Task to complete ▸
How many lines in these records hold the string "locked"? State only that number.

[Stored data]
------------------------------
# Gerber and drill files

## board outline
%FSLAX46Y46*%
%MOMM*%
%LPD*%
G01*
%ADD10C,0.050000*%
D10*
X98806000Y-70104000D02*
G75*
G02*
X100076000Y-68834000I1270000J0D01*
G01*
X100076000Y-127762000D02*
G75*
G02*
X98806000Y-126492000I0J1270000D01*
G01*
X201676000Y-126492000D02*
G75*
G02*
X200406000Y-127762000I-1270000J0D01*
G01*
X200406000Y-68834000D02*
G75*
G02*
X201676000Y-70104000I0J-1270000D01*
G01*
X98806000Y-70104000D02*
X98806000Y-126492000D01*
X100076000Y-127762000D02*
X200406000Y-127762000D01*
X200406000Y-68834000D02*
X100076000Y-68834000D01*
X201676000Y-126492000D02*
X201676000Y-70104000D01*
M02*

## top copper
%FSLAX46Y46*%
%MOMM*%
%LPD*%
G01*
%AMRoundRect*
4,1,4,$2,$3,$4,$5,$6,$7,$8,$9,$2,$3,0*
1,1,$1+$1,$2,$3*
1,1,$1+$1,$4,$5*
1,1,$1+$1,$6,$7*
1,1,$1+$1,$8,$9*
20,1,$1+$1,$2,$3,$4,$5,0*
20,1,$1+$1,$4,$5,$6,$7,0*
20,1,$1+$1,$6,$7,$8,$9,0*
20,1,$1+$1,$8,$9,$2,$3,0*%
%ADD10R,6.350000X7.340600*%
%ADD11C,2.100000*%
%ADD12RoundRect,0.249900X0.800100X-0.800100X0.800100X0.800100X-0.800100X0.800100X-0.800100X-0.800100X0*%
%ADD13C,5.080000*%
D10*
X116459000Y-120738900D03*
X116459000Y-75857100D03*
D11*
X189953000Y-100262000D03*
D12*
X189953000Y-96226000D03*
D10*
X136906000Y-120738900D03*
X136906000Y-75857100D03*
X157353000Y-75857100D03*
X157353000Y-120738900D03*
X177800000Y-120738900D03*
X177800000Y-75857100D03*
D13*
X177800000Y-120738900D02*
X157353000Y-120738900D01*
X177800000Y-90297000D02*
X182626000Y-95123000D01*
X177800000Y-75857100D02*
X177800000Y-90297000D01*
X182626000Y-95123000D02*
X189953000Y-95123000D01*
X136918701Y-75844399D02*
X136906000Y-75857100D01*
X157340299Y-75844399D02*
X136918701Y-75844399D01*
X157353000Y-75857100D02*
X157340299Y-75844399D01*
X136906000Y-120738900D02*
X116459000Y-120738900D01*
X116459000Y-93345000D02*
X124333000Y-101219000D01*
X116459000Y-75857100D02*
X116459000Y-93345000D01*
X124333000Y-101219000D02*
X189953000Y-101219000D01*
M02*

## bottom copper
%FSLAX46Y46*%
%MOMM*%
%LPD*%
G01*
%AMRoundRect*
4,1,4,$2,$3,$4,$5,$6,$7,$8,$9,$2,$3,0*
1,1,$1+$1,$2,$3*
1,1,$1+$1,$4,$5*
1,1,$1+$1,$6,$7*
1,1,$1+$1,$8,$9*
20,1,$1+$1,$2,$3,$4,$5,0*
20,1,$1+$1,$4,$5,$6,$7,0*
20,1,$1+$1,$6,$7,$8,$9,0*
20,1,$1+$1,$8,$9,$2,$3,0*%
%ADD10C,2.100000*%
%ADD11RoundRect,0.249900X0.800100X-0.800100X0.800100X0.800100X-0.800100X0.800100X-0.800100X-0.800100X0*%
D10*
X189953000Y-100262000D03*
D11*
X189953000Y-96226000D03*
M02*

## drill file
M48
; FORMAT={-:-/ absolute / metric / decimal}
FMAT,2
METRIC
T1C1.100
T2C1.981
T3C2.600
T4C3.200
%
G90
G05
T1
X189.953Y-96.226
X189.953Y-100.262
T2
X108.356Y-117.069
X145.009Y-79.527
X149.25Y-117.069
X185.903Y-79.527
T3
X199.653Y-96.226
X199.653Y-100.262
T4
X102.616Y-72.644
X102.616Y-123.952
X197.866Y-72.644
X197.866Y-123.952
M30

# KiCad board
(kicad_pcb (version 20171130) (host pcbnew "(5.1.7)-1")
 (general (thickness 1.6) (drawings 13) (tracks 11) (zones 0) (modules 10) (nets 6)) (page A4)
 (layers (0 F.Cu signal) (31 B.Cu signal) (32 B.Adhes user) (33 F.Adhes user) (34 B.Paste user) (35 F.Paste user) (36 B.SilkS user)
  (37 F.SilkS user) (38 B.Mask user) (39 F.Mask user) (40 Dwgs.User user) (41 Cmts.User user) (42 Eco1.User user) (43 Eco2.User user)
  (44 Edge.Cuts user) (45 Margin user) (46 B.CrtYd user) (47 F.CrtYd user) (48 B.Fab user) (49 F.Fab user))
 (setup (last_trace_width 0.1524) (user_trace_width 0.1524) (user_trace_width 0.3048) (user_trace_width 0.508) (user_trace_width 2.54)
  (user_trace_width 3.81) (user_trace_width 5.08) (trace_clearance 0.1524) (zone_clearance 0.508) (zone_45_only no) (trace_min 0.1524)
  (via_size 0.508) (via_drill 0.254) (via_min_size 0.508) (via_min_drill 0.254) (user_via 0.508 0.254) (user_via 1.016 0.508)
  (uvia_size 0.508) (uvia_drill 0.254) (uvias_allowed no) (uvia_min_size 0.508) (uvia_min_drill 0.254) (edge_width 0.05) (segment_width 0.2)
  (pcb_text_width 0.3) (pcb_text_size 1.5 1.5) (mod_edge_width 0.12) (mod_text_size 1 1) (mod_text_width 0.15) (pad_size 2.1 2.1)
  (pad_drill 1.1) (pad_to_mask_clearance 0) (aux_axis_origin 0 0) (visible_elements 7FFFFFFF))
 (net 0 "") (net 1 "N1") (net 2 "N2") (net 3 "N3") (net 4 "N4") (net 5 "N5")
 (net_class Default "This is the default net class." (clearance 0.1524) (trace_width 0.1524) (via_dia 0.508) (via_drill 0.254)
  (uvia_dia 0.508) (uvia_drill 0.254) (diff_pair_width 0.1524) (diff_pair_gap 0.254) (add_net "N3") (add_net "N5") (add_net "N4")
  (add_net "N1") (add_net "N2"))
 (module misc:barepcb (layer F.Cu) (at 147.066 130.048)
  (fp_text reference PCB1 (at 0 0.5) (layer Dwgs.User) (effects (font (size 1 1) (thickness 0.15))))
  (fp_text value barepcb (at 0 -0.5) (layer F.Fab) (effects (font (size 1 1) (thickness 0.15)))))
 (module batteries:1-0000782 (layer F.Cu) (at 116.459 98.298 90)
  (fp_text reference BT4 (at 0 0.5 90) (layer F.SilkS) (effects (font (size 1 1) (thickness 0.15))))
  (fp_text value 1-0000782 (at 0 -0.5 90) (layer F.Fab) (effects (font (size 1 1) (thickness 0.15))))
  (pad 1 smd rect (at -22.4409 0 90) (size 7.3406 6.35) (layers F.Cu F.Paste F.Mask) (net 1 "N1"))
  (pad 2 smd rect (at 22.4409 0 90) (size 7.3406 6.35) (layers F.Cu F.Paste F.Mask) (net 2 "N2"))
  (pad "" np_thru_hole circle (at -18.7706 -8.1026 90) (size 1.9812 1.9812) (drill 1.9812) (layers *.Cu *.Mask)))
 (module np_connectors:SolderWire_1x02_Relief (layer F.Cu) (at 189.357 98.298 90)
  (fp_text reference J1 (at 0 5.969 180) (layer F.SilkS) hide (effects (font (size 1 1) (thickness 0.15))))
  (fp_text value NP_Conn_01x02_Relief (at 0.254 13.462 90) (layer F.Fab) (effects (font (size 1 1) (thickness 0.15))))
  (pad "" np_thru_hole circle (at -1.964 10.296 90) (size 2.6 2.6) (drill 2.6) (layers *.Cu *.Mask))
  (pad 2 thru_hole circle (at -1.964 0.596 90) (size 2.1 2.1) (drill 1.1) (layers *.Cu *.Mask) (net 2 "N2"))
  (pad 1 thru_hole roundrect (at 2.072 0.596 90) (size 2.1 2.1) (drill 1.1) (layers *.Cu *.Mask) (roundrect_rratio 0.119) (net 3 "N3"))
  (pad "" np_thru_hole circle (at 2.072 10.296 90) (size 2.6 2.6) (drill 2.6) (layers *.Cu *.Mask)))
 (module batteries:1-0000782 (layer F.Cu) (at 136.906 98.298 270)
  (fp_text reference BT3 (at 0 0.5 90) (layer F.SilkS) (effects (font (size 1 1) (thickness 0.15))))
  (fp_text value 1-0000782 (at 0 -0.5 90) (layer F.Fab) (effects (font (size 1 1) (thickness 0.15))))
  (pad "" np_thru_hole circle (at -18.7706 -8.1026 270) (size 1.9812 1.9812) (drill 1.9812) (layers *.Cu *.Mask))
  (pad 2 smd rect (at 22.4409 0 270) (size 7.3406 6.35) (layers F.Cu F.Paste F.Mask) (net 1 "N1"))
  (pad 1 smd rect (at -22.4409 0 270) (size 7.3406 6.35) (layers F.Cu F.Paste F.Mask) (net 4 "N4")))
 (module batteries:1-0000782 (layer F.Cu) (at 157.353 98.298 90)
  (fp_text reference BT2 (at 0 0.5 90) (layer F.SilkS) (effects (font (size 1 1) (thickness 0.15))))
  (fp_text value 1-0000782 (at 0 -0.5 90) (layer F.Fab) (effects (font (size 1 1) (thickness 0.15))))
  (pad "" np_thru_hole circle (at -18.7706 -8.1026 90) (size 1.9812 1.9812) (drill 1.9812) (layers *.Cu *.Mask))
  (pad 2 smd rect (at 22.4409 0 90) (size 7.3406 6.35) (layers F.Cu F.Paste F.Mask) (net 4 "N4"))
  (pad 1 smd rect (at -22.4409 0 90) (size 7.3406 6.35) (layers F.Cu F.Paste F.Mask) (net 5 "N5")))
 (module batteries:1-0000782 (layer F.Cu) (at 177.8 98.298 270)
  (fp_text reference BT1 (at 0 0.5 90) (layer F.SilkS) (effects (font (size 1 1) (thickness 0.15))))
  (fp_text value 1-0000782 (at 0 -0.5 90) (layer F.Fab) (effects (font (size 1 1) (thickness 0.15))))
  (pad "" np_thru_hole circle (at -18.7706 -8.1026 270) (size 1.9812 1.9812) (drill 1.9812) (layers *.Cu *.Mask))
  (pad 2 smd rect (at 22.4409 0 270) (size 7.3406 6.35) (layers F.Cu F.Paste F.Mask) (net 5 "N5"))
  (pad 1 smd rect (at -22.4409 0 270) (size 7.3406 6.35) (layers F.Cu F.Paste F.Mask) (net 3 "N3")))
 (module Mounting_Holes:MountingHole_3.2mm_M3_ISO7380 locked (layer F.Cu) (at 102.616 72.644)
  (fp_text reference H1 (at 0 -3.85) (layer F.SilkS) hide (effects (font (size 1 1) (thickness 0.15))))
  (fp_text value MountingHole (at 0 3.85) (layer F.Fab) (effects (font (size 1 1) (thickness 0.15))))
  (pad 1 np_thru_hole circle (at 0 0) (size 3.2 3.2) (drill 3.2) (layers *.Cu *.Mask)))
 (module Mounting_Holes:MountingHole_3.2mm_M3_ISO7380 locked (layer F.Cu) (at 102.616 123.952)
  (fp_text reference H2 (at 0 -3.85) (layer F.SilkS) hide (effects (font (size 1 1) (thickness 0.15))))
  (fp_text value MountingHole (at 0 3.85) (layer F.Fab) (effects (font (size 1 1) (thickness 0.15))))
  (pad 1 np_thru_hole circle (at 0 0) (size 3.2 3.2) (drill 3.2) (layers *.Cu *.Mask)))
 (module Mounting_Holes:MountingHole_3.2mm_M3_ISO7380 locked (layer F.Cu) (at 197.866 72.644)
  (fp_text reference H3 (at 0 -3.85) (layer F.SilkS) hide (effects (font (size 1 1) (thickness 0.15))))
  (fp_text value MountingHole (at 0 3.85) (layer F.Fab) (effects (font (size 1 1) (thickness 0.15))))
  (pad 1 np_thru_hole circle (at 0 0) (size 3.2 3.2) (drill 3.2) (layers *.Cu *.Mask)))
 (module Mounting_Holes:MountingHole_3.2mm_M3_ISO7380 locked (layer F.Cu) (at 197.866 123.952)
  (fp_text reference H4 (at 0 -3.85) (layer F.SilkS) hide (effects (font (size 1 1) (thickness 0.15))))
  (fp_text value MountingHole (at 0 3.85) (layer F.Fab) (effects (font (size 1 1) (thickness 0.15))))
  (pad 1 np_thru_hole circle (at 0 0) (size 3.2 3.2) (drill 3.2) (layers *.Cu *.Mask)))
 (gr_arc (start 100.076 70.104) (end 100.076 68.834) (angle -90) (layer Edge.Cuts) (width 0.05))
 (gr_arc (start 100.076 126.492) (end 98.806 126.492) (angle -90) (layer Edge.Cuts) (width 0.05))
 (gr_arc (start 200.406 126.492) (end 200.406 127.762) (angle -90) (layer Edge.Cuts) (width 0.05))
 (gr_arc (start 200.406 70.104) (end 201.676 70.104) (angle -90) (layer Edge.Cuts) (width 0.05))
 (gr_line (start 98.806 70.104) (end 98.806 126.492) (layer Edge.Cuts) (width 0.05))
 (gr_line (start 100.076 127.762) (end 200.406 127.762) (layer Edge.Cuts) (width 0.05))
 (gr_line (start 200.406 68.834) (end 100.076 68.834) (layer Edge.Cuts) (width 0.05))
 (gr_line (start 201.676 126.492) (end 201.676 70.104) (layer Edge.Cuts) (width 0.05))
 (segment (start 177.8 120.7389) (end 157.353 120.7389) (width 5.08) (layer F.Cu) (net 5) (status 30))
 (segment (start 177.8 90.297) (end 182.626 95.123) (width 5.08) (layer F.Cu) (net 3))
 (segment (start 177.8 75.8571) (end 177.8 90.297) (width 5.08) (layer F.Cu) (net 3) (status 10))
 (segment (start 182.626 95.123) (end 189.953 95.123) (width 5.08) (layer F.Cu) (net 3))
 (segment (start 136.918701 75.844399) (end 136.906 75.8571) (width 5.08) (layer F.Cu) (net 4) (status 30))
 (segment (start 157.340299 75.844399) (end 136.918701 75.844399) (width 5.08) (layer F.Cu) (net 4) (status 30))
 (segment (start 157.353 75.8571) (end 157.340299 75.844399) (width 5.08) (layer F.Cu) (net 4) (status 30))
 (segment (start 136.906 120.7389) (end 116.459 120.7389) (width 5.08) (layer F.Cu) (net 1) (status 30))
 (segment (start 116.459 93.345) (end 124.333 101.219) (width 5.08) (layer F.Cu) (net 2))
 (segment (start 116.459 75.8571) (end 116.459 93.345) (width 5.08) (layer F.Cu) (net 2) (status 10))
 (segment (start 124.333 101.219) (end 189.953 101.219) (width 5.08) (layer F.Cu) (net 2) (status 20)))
------------------------------
Expected answer ▸
4